This article was published in August 2012 issue of SiliconIndia.
Date: Wednesday , August 01, 2012
Once a great opportunity has been identified by the entrepreneur and he is well on his way pursuing this opportunity, one of the daily challenges is to identify, understand and optimize the key resources for its successful accomplishment. For those seeking to learn further on the topic of opportunity identification, there is an excellent framework called the Blue Ocean Strategy Framework by W. Chan Kim and Renée Mauborgne that defines the first fours levers used for opportunity identification - eliminate, reduce, create, and raise. You can get this book from any bookstore. For every entrepreneur, it is critical to analyze and then decide how and how much time, talent and resources to invest in any task, activity, project, or a customer prospect. My focus in this article is to outline, in my view, the scarcest resources for an entrepreneur. Here are my four key take away (4KTA) points on this topic based on my experiences.
1.Time - Assuming that you already have a world-class and brilliant technology and business team in your startup. This team is highly passionate and wants to ensure that company will succeed big time. With a smart team like this, it is apparent that not only they would come up with many clever ideas but they would want to implement all of them. These could be new features, new projects, new marketing tactics and on and on. And, it's really tempting to take these on. Each idea sounds like the next great idea since the slice of bread. However, regardless of how much venture capital you have raised and how many developers you have, it’s impractical to pursue too many ideas at the same time. It becomes critical for team to define clearly what they will spend time on and what they will choose not to pursue. For instance, if you add one extra feature than was planned that serves a narrow set of customers, you end up supporting it in future releases adding complexity to next version of development with all sorts of testing whether it be usability or regression testing or something else. You and your team need to be laser focused on core mission of your company and hence, your team’s time is one of the scarcest resources. You need to prioritize, allocate and spend it wisely. Keep your team focused on the items most relevant to the company’s success in the short and long term.
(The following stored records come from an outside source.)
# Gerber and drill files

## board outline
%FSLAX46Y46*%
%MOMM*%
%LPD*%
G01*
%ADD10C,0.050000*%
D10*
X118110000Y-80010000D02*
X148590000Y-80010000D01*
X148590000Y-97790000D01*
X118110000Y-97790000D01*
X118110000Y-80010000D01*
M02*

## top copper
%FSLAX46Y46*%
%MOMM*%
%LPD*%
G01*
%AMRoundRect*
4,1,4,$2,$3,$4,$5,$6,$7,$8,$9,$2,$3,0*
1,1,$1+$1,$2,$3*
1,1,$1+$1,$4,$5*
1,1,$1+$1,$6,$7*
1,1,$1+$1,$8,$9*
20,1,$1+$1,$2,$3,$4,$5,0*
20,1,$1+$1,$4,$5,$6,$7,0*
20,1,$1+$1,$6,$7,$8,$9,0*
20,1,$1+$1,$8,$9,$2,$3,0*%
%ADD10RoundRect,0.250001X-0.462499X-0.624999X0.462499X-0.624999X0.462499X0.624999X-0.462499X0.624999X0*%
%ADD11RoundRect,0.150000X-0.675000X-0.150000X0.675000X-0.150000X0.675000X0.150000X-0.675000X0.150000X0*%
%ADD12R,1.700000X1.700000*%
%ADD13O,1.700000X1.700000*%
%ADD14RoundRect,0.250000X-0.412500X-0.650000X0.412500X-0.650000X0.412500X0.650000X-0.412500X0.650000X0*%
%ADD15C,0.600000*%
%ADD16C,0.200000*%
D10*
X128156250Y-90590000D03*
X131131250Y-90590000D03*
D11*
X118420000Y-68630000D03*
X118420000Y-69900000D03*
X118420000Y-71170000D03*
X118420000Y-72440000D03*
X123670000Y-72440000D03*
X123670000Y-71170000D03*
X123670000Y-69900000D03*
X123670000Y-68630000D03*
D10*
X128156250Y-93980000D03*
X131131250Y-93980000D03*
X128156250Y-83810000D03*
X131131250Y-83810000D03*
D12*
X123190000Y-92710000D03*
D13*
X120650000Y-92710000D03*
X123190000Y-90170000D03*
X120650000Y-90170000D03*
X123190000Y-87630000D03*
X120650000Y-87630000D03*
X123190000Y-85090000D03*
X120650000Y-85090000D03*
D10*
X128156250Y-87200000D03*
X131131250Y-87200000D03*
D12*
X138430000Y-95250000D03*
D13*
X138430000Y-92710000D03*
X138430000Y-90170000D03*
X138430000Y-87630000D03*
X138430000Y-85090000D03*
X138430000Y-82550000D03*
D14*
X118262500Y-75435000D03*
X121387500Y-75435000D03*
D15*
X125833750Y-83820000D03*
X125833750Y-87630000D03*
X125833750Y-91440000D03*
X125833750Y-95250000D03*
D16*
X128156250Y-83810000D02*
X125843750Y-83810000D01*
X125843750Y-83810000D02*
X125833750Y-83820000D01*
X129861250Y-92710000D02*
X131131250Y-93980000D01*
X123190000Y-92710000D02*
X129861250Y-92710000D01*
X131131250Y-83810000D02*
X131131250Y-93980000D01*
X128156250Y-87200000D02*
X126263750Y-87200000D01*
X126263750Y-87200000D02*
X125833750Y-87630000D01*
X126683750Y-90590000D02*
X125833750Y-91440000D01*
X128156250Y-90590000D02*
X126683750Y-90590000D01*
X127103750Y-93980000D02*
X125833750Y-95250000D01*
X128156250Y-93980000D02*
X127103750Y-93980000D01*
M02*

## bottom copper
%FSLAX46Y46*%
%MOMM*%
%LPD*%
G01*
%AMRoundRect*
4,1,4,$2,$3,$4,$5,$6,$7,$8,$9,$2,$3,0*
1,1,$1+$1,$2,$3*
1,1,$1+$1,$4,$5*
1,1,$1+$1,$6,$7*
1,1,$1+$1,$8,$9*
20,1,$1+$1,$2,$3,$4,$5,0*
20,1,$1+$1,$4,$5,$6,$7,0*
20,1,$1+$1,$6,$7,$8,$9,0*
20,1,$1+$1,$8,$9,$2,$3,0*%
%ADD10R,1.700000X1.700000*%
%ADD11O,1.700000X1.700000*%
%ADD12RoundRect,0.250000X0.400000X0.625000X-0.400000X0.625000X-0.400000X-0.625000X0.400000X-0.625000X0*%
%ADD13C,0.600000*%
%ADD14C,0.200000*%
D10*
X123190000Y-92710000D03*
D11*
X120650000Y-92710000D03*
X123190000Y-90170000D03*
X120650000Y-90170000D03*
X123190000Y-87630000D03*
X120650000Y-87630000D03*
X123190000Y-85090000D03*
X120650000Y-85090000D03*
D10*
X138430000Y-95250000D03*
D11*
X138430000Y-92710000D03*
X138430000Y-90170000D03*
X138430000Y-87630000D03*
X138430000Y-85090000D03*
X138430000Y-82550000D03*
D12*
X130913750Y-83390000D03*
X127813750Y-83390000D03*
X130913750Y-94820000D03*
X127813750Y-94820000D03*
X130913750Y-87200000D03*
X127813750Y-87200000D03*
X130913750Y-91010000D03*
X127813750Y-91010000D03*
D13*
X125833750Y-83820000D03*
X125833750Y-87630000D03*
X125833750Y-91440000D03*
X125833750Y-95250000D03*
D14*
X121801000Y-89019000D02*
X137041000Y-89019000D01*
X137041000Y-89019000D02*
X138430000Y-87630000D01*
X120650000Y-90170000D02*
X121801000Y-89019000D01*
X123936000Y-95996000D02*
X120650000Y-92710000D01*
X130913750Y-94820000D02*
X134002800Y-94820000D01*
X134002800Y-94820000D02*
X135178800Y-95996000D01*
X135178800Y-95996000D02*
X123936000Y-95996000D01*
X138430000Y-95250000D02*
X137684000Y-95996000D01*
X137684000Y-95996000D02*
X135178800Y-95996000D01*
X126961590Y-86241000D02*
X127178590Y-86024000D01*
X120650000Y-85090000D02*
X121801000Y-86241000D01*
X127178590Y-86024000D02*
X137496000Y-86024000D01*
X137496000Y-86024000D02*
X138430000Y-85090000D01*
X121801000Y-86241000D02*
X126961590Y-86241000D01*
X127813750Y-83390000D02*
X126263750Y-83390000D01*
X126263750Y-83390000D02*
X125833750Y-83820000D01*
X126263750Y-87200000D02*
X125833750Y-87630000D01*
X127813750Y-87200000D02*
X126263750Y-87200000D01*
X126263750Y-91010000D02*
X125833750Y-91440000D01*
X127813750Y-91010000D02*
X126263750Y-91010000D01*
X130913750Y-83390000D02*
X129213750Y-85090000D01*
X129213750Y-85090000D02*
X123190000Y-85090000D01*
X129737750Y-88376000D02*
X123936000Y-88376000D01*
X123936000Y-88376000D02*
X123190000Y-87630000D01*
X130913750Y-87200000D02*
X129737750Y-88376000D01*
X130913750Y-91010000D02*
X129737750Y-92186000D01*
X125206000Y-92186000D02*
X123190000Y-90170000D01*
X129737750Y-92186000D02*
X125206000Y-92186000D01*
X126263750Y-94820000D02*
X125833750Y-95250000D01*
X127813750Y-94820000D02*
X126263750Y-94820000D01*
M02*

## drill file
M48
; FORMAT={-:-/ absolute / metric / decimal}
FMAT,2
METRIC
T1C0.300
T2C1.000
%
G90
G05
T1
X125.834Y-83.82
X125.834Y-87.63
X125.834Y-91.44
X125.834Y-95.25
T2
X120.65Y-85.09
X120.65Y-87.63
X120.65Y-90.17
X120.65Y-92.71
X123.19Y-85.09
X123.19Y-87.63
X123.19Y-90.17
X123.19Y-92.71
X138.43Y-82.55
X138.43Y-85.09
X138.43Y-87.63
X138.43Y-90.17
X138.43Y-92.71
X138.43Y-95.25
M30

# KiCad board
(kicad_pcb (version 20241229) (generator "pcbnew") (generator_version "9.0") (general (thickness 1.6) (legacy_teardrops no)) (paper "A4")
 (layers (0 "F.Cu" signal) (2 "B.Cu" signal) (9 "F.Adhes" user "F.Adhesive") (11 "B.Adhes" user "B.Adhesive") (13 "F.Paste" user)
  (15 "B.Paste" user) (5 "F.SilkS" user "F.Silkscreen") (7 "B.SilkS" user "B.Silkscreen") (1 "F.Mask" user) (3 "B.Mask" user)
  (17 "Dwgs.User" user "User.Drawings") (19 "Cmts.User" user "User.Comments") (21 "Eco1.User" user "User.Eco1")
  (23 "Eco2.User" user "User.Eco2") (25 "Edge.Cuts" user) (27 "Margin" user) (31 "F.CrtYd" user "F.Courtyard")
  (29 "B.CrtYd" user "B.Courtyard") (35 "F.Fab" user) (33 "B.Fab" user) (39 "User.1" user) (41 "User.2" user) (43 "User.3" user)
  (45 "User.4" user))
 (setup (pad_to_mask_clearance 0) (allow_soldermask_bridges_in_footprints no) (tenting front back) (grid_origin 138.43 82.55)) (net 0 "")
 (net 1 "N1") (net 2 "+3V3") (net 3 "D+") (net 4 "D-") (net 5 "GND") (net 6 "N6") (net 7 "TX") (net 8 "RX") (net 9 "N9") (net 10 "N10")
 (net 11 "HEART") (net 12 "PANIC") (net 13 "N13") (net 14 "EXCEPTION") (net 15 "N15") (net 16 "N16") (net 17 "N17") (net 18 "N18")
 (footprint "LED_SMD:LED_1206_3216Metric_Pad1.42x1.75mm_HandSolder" (layer "F.Cu") (at 129.64375 90.59)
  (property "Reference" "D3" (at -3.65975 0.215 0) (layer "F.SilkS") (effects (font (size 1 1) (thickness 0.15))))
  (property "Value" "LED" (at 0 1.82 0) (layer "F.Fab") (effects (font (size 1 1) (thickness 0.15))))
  (pad "1" smd roundrect (at -1.4875 0) (size 1.425 1.75) (layers "F.Cu" "F.Mask" "F.Paste") (roundrect_rratio 0.175439) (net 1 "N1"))
  (pad "2" smd roundrect (at 1.4875 0) (size 1.425 1.75) (layers "F.Cu" "F.Mask" "F.Paste") (roundrect_rratio 0.175439) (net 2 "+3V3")))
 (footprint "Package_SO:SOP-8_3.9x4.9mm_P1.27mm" (layer "F.Cu") (at 121.045 70.535)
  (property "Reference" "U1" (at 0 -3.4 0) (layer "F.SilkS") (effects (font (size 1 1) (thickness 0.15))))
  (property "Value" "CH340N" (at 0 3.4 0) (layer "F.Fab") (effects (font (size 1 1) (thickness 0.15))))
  (pad "1" smd roundrect (at -2.625 -1.905) (size 1.65 0.6) (layers "F.Cu" "F.Mask" "F.Paste") (roundrect_rratio 0.25) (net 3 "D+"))
  (pad "2" smd roundrect (at -2.625 -0.635) (size 1.65 0.6) (layers "F.Cu" "F.Mask" "F.Paste") (roundrect_rratio 0.25) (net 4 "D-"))
  (pad "3" smd roundrect (at -2.625 0.635) (size 1.65 0.6) (layers "F.Cu" "F.Mask" "F.Paste") (roundrect_rratio 0.25) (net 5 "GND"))
  (pad "4" smd roundrect (at -2.625 1.905) (size 1.65 0.6) (layers "F.Cu" "F.Mask" "F.Paste") (roundrect_rratio 0.25) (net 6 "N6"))
  (pad "5" smd roundrect (at 2.625 1.905) (size 1.65 0.6) (layers "F.Cu" "F.Mask" "F.Paste") (roundrect_rratio 0.25) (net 2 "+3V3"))
  (pad "6" smd roundrect (at 2.625 0.635) (size 1.65 0.6) (layers "F.Cu" "F.Mask" "F.Paste") (roundrect_rratio 0.25) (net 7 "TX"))
  (pad "7" smd roundrect (at 2.625 -0.635) (size 1.65 0.6) (layers "F.Cu" "F.Mask" "F.Paste") (roundrect_rratio 0.25) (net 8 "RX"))
  (pad "8" smd roundrect (at 2.625 -1.905) (size 1.65 0.6) (layers "F.Cu" "F.Mask" "F.Paste") (roundrect_rratio 0.25) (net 2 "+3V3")))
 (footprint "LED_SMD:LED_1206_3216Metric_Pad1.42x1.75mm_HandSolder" (layer "F.Cu") (at 129.64375 93.98)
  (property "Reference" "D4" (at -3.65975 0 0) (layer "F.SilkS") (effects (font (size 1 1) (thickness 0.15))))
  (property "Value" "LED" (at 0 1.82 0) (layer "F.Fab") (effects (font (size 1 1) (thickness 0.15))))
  (pad "1" smd roundrect (at -1.4875 0) (size 1.425 1.75) (layers "F.Cu" "F.Mask" "F.Paste") (roundrect_rratio 0.175439) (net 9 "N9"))
  (pad "2" smd roundrect (at 1.4875 0) (size 1.425 1.75) (layers "F.Cu" "F.Mask" "F.Paste") (roundrect_rratio 0.175439) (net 2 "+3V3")))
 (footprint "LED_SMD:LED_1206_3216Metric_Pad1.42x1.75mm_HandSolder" (layer "F.Cu") (at 129.64375 83.81)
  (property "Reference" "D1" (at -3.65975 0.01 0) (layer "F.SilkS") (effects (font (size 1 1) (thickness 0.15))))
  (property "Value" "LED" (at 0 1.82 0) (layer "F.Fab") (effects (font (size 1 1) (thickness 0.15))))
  (pad "1" smd roundrect (at -1.4875 0) (size 1.425 1.75) (layers "F.Cu" "F.Mask" "F.Paste") (roundrect_rratio 0.175439) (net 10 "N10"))
  (pad "2" smd roundrect (at 1.4875 0) (size 1.425 1.75) (layers "F.Cu" "F.Mask" "F.Paste") (roundrect_rratio 0.175439) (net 2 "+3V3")))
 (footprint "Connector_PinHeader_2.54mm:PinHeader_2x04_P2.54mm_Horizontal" (layer "F.Cu") (at 123.19 92.71 180)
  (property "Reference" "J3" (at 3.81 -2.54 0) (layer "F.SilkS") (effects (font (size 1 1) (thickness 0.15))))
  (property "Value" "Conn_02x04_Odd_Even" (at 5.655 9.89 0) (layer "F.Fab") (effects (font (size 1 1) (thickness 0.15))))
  (pad "1" thru_hole rect (at 0 0 180) (size 1.7 1.7) (drill 1) (layers "*.Cu" "*.Mask") (remove_unused_layers no) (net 2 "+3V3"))
  (pad "2" thru_hole oval (at 2.54 0 180) (size 1.7 1.7) (drill 1) (layers "*.Cu" "*.Mask") (remove_unused_layers no) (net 5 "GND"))
  (pad "3" thru_hole oval (at 0 2.54 180) (size 1.7 1.7) (drill 1) (layers "*.Cu" "*.Mask") (remove_unused_layers no) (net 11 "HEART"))
  (pad "4" thru_hole oval (at 2.54 2.54 180) (size 1.7 1.7) (drill 1) (layers "*.Cu" "*.Mask") (remove_unused_layers no) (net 7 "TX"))
  (pad "5" thru_hole oval (at 0 5.08 180) (size 1.7 1.7) (drill 1) (layers "*.Cu" "*.Mask") (remove_unused_layers no) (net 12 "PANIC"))
  (pad "6" thru_hole oval (at 2.54 5.08 180) (size 1.7 1.7) (drill 1) (layers "*.Cu" "*.Mask") (remove_unused_layers no) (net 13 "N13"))
  (pad "7" thru_hole oval (at 0 7.62 180) (size 1.7 1.7) (drill 1) (layers "*.Cu" "*.Mask") (remove_unused_layers no) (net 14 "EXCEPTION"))
  (pad "8" thru_hole oval (at 2.54 7.62 180) (size 1.7 1.7) (drill 1) (layers "*.Cu" "*.Mask") (remove_unused_layers no) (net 8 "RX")))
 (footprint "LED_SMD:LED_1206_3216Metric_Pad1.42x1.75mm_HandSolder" (layer "F.Cu") (at 129.64375 87.2)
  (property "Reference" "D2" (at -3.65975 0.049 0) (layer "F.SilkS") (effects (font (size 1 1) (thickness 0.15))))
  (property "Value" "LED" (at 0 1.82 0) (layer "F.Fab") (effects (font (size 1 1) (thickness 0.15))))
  (pad "1" smd roundrect (at -1.4875 0) (size 1.425 1.75) (layers "F.Cu" "F.Mask" "F.Paste") (roundrect_rratio 0.175439) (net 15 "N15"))
  (pad "2" smd roundrect (at 1.4875 0) (size 1.425 1.75) (layers "F.Cu" "F.Mask" "F.Paste") (roundrect_rratio 0.175439) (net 2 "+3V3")))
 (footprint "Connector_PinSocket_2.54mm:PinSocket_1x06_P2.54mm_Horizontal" (layer "F.Cu") (at 138.43 95.25 180)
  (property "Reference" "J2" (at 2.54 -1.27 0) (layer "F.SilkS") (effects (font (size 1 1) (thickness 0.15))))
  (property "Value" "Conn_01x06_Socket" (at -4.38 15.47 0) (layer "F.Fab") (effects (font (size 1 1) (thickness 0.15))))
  (pad "1" thru_hole rect (at 0 0 180) (size 1.7 1.7) (drill 1) (layers "*.Cu" "*.Mask") (remove_unused_layers no) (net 5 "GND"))
  (pad "2" thru_hole oval (at 0 2.54 180) (size 1.7 1.7) (drill 1) (layers "*.Cu" "*.Mask") (remove_unused_layers no) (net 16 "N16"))
  (pad "3" thru_hole oval (at 0 5.08 180) (size 1.7 1.7) (drill 1) (layers "*.Cu" "*.Mask") (remove_unused_layers no) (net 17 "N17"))
  (pad "4" thru_hole oval (at 0 7.62 180) (size 1.7 1.7) (drill 1) (layers "*.Cu" "*.Mask") (remove_unused_layers no) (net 7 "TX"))
  (pad "5" thru_hole oval (at 0 10.16 180) (size 1.7 1.7) (drill 1) (layers "*.Cu" "*.Mask") (remove_unused_layers no) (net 8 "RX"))
  (pad "6" thru_hole oval (at 0 12.7 180) (size 1.7 1.7) (drill 1) (layers "*.Cu" "*.Mask") (remove_unused_layers no) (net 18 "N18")))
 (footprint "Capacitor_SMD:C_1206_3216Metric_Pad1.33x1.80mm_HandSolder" (layer "F.Cu") (at 119.825 75.435)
2.People - In high technology industry especially for doing a startup, as they say that skilled developers are one of the scarcest resources. In my view, the entire team consisting of developers, product manager and business managers are scarcest resources. All of them need to be highly skilled. In early stages, the core initial team forms the DNA of the company charting the course for company’s future and ultimately, the grand success. Be ultra-selective in bringing team members that are ultra-smart, highly passionate, high energy, full of positive attitude, open minded and very flexible. These members serve as attractors for bringing new members with the similar or even higher caliber on board. They need to solve problems rapidly or find alternative strategies or solutions. An entrepreneur needs to recognize these members in the team early on and treat them with respect, understand what drives them to excel, what motivates them and ensure that an environment is created that will keep them charged up and motivated.
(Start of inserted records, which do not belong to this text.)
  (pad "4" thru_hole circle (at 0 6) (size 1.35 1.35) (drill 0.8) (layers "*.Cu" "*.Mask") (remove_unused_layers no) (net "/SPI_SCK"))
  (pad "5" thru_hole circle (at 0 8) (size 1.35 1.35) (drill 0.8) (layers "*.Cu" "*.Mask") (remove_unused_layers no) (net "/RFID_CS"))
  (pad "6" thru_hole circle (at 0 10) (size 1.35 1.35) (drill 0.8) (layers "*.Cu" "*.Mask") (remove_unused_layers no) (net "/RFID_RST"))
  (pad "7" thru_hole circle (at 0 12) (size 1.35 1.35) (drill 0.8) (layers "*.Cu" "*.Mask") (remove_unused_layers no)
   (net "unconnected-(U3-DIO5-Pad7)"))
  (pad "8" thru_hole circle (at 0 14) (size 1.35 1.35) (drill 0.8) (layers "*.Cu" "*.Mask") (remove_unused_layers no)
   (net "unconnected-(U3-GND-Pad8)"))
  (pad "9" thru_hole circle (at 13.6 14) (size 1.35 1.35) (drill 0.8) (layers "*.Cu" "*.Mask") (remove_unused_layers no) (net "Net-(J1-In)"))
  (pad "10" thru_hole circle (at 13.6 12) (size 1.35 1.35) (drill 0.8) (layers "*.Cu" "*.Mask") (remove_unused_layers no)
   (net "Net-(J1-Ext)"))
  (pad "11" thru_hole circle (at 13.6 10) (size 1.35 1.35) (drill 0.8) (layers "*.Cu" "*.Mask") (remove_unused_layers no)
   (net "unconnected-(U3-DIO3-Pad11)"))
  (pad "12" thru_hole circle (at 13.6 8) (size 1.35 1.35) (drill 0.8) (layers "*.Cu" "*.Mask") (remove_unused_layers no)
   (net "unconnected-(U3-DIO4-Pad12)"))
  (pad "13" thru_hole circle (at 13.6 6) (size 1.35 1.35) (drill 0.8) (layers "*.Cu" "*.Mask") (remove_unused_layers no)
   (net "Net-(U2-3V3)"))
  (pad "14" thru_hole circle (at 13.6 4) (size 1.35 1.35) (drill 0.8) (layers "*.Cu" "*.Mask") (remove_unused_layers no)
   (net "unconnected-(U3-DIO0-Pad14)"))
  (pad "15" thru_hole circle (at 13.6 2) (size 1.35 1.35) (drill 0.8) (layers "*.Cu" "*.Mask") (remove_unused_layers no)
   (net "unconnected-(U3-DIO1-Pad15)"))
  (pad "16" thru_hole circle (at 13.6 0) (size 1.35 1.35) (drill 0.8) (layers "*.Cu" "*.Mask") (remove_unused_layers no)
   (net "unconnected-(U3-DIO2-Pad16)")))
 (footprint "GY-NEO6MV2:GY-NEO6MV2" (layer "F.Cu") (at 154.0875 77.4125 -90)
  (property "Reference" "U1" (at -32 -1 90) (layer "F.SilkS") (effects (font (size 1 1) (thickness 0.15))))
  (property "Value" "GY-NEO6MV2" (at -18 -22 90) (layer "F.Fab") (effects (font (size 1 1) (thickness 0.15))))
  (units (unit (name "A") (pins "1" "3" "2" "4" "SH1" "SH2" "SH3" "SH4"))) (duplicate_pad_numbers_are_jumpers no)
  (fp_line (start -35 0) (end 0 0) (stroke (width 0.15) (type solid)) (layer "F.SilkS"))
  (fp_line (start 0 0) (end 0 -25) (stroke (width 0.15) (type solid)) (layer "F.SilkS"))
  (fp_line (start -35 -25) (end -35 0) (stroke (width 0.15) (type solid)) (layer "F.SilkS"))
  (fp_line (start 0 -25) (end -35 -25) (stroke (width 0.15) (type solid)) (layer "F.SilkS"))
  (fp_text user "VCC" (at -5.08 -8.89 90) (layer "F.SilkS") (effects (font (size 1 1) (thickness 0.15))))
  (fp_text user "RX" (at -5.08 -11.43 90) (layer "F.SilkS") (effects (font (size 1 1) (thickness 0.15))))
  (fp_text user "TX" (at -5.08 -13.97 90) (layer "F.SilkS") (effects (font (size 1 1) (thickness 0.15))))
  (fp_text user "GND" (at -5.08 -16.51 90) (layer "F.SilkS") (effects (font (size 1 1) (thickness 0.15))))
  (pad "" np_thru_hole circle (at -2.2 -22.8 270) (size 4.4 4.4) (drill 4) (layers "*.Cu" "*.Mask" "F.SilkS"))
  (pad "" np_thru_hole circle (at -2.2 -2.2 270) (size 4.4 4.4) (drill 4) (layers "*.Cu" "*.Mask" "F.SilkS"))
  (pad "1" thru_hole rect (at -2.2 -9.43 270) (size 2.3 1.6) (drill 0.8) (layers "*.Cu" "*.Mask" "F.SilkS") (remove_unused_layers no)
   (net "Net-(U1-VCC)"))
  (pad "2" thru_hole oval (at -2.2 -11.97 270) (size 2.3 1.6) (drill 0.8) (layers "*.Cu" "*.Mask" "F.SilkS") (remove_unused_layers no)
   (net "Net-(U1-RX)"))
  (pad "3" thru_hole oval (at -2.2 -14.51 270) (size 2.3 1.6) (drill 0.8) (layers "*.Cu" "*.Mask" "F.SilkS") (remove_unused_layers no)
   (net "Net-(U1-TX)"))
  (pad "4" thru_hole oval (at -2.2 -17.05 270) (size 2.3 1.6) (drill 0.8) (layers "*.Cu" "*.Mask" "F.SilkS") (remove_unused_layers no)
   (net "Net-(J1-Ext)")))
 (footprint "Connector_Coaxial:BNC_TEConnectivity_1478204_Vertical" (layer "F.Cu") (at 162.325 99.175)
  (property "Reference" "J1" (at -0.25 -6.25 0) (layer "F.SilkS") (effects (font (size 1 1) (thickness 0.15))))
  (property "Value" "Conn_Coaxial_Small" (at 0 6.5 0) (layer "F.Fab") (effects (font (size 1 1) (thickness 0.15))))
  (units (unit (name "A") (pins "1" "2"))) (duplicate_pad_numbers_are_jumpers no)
3.Focus - I touched upon it briefly in the Time section above. A recent highly successful and timely example of this scarcest resource called Focus is the Instagram app. Instagram only focused on Apple’s iOS devices. They were truly excellent at what they did namely photos and did not do video. Also, they did not release their app on Android platform until recently around the same time as their acquisition by Facebook. The key question to ask yourself and your team is what your company wants to excel at. By working on multiple initiatives, will that distract you and your team’s focus from your core mission? Since entrepreneurs are overly optimistic class of species, we tend to believe that we can finish this new feature, new idea, and new concept off in one weekend or in few days. However, the reality is far from it. Not only it ends up taking your team’s time, resources, and laser focus from the core mission but it ends up coming back and haunting you later due to diversion it creates. Make sure that your team is laser focused on the core mission of the company.
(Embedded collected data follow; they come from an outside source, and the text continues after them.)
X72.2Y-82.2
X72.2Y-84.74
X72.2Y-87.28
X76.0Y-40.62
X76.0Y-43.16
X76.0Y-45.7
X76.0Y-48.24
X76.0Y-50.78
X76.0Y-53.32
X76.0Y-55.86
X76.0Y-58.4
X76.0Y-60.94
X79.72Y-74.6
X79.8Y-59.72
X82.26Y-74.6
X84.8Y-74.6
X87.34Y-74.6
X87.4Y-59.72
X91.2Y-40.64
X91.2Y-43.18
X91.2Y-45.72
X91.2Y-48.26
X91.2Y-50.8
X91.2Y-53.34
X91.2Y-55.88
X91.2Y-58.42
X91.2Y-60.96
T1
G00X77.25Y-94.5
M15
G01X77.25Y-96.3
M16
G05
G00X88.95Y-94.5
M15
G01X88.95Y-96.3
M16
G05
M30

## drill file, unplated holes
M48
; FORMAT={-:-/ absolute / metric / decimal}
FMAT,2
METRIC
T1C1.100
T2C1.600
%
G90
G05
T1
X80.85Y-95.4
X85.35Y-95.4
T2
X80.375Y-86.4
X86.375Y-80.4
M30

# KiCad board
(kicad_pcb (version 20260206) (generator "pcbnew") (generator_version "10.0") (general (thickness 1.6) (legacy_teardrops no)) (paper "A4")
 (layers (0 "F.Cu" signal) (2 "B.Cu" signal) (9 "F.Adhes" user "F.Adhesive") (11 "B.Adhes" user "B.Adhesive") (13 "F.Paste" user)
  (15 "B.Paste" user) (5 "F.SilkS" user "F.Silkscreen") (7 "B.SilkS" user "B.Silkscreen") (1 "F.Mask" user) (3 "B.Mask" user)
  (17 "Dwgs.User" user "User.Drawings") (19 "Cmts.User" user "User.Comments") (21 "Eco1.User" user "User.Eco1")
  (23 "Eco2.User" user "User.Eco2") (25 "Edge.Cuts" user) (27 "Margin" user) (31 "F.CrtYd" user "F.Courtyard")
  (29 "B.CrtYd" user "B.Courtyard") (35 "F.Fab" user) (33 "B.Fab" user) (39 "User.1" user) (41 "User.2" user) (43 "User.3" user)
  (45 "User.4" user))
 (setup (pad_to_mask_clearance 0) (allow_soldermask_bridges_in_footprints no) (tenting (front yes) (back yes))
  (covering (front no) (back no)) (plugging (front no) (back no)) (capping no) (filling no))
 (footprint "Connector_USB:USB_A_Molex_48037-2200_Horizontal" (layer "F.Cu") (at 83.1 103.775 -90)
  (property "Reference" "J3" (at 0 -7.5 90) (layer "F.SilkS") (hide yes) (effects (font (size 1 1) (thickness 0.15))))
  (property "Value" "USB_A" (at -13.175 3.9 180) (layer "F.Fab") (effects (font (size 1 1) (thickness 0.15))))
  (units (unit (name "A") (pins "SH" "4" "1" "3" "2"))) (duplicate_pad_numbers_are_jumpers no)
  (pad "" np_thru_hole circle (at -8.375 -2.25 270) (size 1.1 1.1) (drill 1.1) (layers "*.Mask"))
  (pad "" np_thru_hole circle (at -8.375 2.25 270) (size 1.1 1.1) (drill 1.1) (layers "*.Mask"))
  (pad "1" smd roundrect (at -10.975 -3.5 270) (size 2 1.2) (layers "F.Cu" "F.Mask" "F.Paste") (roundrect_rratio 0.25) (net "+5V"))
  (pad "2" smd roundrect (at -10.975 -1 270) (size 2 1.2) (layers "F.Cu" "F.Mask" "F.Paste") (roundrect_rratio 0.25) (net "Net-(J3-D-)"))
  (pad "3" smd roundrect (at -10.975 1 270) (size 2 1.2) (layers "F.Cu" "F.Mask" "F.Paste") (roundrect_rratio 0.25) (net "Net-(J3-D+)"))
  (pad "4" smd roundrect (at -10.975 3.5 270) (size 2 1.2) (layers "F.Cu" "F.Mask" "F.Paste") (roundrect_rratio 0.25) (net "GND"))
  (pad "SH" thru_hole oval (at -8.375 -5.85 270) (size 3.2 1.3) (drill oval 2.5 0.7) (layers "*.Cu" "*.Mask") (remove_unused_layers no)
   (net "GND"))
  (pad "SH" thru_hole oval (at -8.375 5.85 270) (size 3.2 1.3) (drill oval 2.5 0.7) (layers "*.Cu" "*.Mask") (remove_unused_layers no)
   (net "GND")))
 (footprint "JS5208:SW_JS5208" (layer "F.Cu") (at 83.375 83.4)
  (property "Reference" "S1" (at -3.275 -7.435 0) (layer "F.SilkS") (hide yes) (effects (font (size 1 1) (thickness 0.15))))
4.Cash - You may have heard this saying. Always remember that for startups "Cash is King". It’s so true. Having cash and access to money is another scarcest resource for entrepreneurs. What good it is that you have developed the product and you run out of money. Around the same time, some external unanticipated market factors have created public and private investors to turn bearish and hence, no venture capitalist or investor wants to invest in your company. It's like in early 2001 after the dotcom crash; raising capital for a startup used to be compared to being in a nuclear winter. Treat each dollar in your company as the last dollar. Create a scalable business model. Make sure that you have a repeatable and scalable sales model first. Be aware that as entrepreneur CEO, you need to ensure that you understand when your cash may run out; what milestones need to be achieved before you can go back to new investors to raise the capital and have the right plan of execution in place to achieve those milestones. More importantly, if market seems hot and investment activity in startups is on rise, investors are calling you to make investment in your company, consider it seriously and take the capital despite still having enough cash in the bank from last financing to reach your next milestone.
In summary, my four 4KTA points in identifying scarcest resources for an entrepreneur are Time, People, Focus and Cash.
Naveen Bisht is a serial entrepreneur and Board Member, Chair – Programs, The Indus Entrepreneur (TiE )and member of TiE Angels Steering Committee, based in Silicon Valley, California.